→ What is being asked: Search the data for the string "CrtYd" and gather each line it is in.

→ Task inputs:

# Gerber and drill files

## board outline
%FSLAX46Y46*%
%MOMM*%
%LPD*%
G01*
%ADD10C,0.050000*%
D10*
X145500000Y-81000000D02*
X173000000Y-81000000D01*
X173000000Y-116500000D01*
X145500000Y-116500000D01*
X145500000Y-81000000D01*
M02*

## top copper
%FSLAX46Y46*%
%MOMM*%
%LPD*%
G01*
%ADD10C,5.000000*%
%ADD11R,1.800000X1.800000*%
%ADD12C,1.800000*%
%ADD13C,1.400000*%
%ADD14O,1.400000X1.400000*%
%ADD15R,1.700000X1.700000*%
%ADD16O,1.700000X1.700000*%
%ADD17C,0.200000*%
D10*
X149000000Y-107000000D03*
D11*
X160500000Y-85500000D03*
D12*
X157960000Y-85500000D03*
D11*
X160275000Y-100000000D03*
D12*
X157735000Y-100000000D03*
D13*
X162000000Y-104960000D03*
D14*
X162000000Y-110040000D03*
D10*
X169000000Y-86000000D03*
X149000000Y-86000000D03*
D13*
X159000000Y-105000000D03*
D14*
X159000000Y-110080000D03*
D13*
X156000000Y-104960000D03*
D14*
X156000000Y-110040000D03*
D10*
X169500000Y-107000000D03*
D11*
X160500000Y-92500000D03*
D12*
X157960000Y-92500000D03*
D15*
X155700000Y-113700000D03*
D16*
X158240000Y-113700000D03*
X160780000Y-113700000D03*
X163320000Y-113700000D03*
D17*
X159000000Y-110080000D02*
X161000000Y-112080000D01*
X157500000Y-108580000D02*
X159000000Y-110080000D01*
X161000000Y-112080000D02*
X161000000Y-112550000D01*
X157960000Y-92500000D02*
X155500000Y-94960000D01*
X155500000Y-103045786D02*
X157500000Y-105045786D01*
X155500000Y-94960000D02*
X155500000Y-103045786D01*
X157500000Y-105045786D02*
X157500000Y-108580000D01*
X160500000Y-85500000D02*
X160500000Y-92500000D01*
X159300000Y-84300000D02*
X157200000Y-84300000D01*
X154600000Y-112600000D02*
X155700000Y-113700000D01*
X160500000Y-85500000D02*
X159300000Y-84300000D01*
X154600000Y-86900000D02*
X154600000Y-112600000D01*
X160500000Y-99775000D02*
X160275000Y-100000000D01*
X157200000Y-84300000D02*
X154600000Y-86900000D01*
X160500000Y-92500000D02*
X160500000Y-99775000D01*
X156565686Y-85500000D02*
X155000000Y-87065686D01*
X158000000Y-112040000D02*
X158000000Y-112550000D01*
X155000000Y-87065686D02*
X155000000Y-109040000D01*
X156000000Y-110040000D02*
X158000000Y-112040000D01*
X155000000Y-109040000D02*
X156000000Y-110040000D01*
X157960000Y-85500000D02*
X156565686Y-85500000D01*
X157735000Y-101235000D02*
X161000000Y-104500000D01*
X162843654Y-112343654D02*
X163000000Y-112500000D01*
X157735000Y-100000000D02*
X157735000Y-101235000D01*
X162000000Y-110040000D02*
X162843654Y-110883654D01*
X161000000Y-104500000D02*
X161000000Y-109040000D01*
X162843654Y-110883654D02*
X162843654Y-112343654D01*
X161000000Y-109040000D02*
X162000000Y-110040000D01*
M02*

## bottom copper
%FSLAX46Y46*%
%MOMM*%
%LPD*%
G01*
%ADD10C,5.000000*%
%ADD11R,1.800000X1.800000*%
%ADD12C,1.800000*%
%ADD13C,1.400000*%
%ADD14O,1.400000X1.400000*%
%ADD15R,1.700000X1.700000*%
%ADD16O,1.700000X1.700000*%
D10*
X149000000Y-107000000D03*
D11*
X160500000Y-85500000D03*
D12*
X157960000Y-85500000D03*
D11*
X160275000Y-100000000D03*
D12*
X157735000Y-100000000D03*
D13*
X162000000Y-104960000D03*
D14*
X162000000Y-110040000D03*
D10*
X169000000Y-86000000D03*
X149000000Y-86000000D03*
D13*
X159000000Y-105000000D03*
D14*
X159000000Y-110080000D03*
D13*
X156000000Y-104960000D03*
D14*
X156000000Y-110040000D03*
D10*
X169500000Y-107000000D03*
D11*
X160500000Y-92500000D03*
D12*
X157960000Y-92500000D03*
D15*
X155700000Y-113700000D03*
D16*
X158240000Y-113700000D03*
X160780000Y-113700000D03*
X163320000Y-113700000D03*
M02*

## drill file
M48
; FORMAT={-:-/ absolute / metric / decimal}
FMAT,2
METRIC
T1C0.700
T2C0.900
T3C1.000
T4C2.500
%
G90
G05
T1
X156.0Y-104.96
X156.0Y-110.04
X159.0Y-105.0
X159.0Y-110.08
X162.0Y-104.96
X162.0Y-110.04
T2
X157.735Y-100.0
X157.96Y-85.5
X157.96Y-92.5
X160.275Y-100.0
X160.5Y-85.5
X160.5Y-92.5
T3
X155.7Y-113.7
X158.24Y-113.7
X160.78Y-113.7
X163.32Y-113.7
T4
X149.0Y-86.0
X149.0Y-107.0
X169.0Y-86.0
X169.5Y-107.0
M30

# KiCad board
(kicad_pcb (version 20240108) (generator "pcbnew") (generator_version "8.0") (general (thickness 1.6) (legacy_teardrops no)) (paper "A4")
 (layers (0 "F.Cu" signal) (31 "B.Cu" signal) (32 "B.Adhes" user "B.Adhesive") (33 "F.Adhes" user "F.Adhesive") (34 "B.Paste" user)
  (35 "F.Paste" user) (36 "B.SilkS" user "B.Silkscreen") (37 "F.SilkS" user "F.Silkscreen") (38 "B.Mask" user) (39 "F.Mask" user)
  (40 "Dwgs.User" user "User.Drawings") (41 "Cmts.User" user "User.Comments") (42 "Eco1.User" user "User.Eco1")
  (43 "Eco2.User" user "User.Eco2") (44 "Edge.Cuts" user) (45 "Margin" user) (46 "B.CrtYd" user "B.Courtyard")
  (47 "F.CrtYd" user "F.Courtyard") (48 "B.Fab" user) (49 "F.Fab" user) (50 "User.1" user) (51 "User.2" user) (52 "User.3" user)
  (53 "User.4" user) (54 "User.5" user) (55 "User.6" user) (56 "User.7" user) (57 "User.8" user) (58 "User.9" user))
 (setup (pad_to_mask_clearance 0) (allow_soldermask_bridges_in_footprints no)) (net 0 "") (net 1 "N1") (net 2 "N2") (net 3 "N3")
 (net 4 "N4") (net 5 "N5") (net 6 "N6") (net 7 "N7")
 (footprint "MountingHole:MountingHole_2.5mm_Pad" (layer "F.Cu") (at 149 107)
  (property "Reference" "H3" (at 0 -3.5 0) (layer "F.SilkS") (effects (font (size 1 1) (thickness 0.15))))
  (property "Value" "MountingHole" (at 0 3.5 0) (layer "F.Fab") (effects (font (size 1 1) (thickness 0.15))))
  (pad "1" thru_hole circle (at 0 0) (size 5 5) (drill 2.5) (layers "*.Cu" "*.Mask") (remove_unused_layers no)))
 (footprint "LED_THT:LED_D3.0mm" (layer "F.Cu") (at 160.5 85.5 180)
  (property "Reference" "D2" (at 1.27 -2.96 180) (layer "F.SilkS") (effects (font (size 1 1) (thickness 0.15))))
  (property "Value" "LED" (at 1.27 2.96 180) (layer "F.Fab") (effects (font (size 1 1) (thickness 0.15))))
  (pad "1" thru_hole rect (at 0 0 180) (size 1.8 1.8) (drill 0.9) (layers "*.Cu" "*.Mask") (remove_unused_layers no) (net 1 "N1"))
  (pad "2" thru_hole circle (at 2.54 0 180) (size 1.8 1.8) (drill 0.9) (layers "*.Cu" "*.Mask") (remove_unused_layers no) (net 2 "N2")))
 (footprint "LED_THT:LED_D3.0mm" (layer "F.Cu") (at 160.275 100 180)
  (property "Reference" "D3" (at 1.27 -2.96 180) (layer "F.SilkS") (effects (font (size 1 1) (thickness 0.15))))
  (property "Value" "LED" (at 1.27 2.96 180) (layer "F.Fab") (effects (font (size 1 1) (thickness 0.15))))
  (pad "1" thru_hole rect (at 0 0 180) (size 1.8 1.8) (drill 0.9) (layers "*.Cu" "*.Mask") (remove_unused_layers no) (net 1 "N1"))
  (pad "2" thru_hole circle (at 2.54 0 180) (size 1.8 1.8) (drill 0.9) (layers "*.Cu" "*.Mask") (remove_unused_layers no) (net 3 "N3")))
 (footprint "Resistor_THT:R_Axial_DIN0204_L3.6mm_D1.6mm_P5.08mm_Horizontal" (layer "F.Cu") (at 162 104.96 -90)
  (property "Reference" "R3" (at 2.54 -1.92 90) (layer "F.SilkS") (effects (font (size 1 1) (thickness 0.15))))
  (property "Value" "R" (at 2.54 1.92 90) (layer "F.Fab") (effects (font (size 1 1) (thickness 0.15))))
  (pad "1" thru_hole circle (at 0 0 270) (size 1.4 1.4) (drill 0.7) (layers "*.Cu" "*.Mask") (remove_unused_layers no) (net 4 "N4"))
  (pad "2" thru_hole oval (at 5.08 0 270) (size 1.4 1.4) (drill 0.7) (layers "*.Cu" "*.Mask") (remove_unused_layers no) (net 3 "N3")))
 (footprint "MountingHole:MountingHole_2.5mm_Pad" (layer "F.Cu") (at 169 86)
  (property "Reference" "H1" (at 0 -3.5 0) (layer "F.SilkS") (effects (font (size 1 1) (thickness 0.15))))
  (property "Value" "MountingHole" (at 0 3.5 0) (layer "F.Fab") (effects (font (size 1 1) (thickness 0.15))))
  (pad "1" thru_hole circle (at 0 0) (size 5 5) (drill 2.5) (layers "*.Cu" "*.Mask") (remove_unused_layers no)))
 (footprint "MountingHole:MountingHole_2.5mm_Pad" (layer "F.Cu") (at 149 86)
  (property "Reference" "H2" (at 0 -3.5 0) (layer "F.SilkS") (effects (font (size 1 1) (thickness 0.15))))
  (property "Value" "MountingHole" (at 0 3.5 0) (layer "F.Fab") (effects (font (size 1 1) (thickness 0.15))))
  (pad "1" thru_hole circle (at 0 0) (size 5 5) (drill 2.5) (layers "*.Cu" "*.Mask") (remove_unused_layers no)))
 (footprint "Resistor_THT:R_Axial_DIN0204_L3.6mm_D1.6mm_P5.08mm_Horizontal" (layer "F.Cu") (at 159 105 -90)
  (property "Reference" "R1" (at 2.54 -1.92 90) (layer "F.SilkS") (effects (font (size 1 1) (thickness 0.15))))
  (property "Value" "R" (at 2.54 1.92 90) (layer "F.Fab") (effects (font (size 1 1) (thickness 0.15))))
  (pad "1" thru_hole circle (at 0 0 270) (size 1.4 1.4) (drill 0.7) (layers "*.Cu" "*.Mask") (remove_unused_layers no) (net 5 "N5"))
  (pad "2" thru_hole oval (at 5.08 0 270) (size 1.4 1.4) (drill 0.7) (layers "*.Cu" "*.Mask") (remove_unused_layers no) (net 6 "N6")))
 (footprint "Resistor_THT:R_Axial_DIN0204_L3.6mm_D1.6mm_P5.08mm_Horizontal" (layer "F.Cu") (at 156 104.96 -90)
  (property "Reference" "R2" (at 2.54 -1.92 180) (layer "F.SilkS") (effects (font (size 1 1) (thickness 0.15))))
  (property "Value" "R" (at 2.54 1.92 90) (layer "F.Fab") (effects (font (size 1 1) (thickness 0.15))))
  (pad "1" thru_hole circle (at 0 0 270) (size 1.4 1.4) (drill 0.7) (layers "*.Cu" "*.Mask") (remove_unused_layers no) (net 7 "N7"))
  (pad "2" thru_hole oval (at 5.08 0 270) (size 1.4 1.4) (drill 0.7) (layers "*.Cu" "*.Mask") (remove_unused_layers no) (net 2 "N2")))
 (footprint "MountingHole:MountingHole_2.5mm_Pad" (layer "F.Cu") (at 169.5 107)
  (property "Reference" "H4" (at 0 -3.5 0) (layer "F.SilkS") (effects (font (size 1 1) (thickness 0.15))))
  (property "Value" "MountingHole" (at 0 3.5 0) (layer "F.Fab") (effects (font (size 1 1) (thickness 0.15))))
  (pad "1" thru_hole circle (at 0 0) (size 5 5) (drill 2.5) (layers "*.Cu" "*.Mask") (remove_unused_layers no)))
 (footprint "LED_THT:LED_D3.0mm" (layer "F.Cu") (at 160.5 92.5 180)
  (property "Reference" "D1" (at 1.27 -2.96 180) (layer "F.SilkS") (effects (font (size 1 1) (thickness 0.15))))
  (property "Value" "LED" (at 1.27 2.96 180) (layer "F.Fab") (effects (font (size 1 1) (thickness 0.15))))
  (pad "1" thru_hole rect (at 0 0 180) (size 1.8 1.8) (drill 0.9) (layers "*.Cu" "*.Mask") (remove_unused_layers no) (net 1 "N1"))
  (pad "2" thru_hole circle (at 2.54 0 180) (size 1.8 1.8) (drill 0.9) (layers "*.Cu" "*.Mask") (remove_unused_layers no) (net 6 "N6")))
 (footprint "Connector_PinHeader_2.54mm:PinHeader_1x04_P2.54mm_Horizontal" (layer "B.Cu") (at 155.7 113.7 -90)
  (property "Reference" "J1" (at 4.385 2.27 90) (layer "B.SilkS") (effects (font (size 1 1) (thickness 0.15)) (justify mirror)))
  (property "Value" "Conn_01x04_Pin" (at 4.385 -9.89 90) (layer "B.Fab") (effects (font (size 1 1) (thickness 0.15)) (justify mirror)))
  (pad "1" thru_hole rect (at 0 0 270) (size 1.7 1.7) (drill 1) (layers "*.Cu" "*.Mask") (remove_unused_layers no) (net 1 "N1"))
  (pad "2" thru_hole oval (at 0 -2.54 270) (size 1.7 1.7) (drill 1) (layers "*.Cu" "*.Mask") (remove_unused_layers no) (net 5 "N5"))
  (pad "3" thru_hole oval (at 0 -5.08 270) (size 1.7 1.7) (drill 1) (layers "*.Cu" "*.Mask") (remove_unused_layers no) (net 7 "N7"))
  (pad "4" thru_hole oval (at 0 -7.62 270) (size 1.7 1.7) (drill 1) (layers "*.Cu" "*.Mask") (remove_unused_layers no) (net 4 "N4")))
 (gr_rect (start 145.5 81) (end 173 116.5) (stroke (width 0.05) (type default)) (fill none) (layer "Edge.Cuts"))
 (segment (start 159 110.08) (end 161 112.08) (width 0.2) (layer "F.Cu") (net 6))
 (segment (start 157.5 108.58) (end 159 110.08) (width 0.2) (layer "F.Cu") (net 6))
 (segment (start 161 112.08) (end 161 112.55) (width 0.2) (layer "F.Cu") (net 6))
 (segment (start 157.96 92.5) (end 155.5 94.96) (width 0.2) (layer "F.Cu") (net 6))
 (segment (start 155.5 103.045786) (end 157.5 105.045786) (width 0.2) (layer "F.Cu") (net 6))
 (segment (start 155.5 94.96) (end 155.5 103.045786) (width 0.2) (layer "F.Cu") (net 6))
 (segment (start 157.5 105.045786) (end 157.5 108.58) (width 0.2) (layer "F.Cu") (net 6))
 (segment (start 160.5 85.5) (end 160.5 92.5) (width 0.2) (layer "F.Cu") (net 1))
 (segment (start 159.3 84.3) (end 157.2 84.3) (width 0.2) (layer "F.Cu") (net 1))
 (segment (start 154.6 112.6) (end 155.7 113.7) (width 0.2) (layer "F.Cu") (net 1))
 (segment (start 160.5 85.5) (end 159.3 84.3) (width 0.2) (layer "F.Cu") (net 1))
 (segment (start 154.6 86.9) (end 154.6 112.6) (width 0.2) (layer "F.Cu") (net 1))
 (segment (start 160.5 99.775) (end 160.275 100) (width 0.2) (layer "F.Cu") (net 1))
 (segment (start 157.2 84.3) (end 154.6 86.9) (width 0.2) (layer "F.Cu") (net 1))
 (segment (start 160.5 92.5) (end 160.5 99.775) (width 0.2) (layer "F.Cu") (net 1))
 (segment (start 156.565686 85.5) (end 155 87.065686) (width 0.2) (layer "F.Cu") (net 2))
 (segment (start 158 112.04) (end 158 112.55) (width 0.2) (layer "F.Cu") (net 2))
 (segment (start 155 87.065686) (end 155 109.04) (width 0.2) (layer "F.Cu") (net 2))
 (segment (start 156 110.04) (end 158 112.04) (width 0.2) (layer "F.Cu") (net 2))
 (segment (start 155 109.04) (end 156 110.04) (width 0.2) (layer "F.Cu") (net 2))
 (segment (start 157.96 85.5) (end 156.565686 85.5) (width 0.2) (layer "F.Cu") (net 2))
 (segment (start 157.735 101.235) (end 161 104.5) (width 0.2) (layer "F.Cu") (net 3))
 (segment (start 162.843654 112.343654) (end 163 112.5) (width 0.2) (layer "F.Cu") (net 3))
 (segment (start 157.735 100) (end 157.735 101.235) (width 0.2) (layer "F.Cu") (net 3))
 (segment (start 162 110.04) (end 162.843654 110.883654) (width 0.2) (layer "F.Cu") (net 3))
 (segment (start 161 104.5) (end 161 109.04) (width 0.2) (layer "F.Cu") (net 3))
 (segment (start 162.843654 110.883654) (end 162.843654 112.343654) (width 0.2) (layer "F.Cu") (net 3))
 (segment (start 161 109.04) (end 162 110.04) (width 0.2) (layer "F.Cu") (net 3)))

→ Exercise result:
  (43 "Eco2.User" user "User.Eco2") (44 "Edge.Cuts" user) (45 "Margin" user) (46 "B.CrtYd" user "B.Courtyard")
  (47 "F.CrtYd" user "F.Courtyard") (48 "B.Fab" user) (49 "F.Fab" user) (50 "User.1" user) (51 "User.2" user) (52 "User.3" user)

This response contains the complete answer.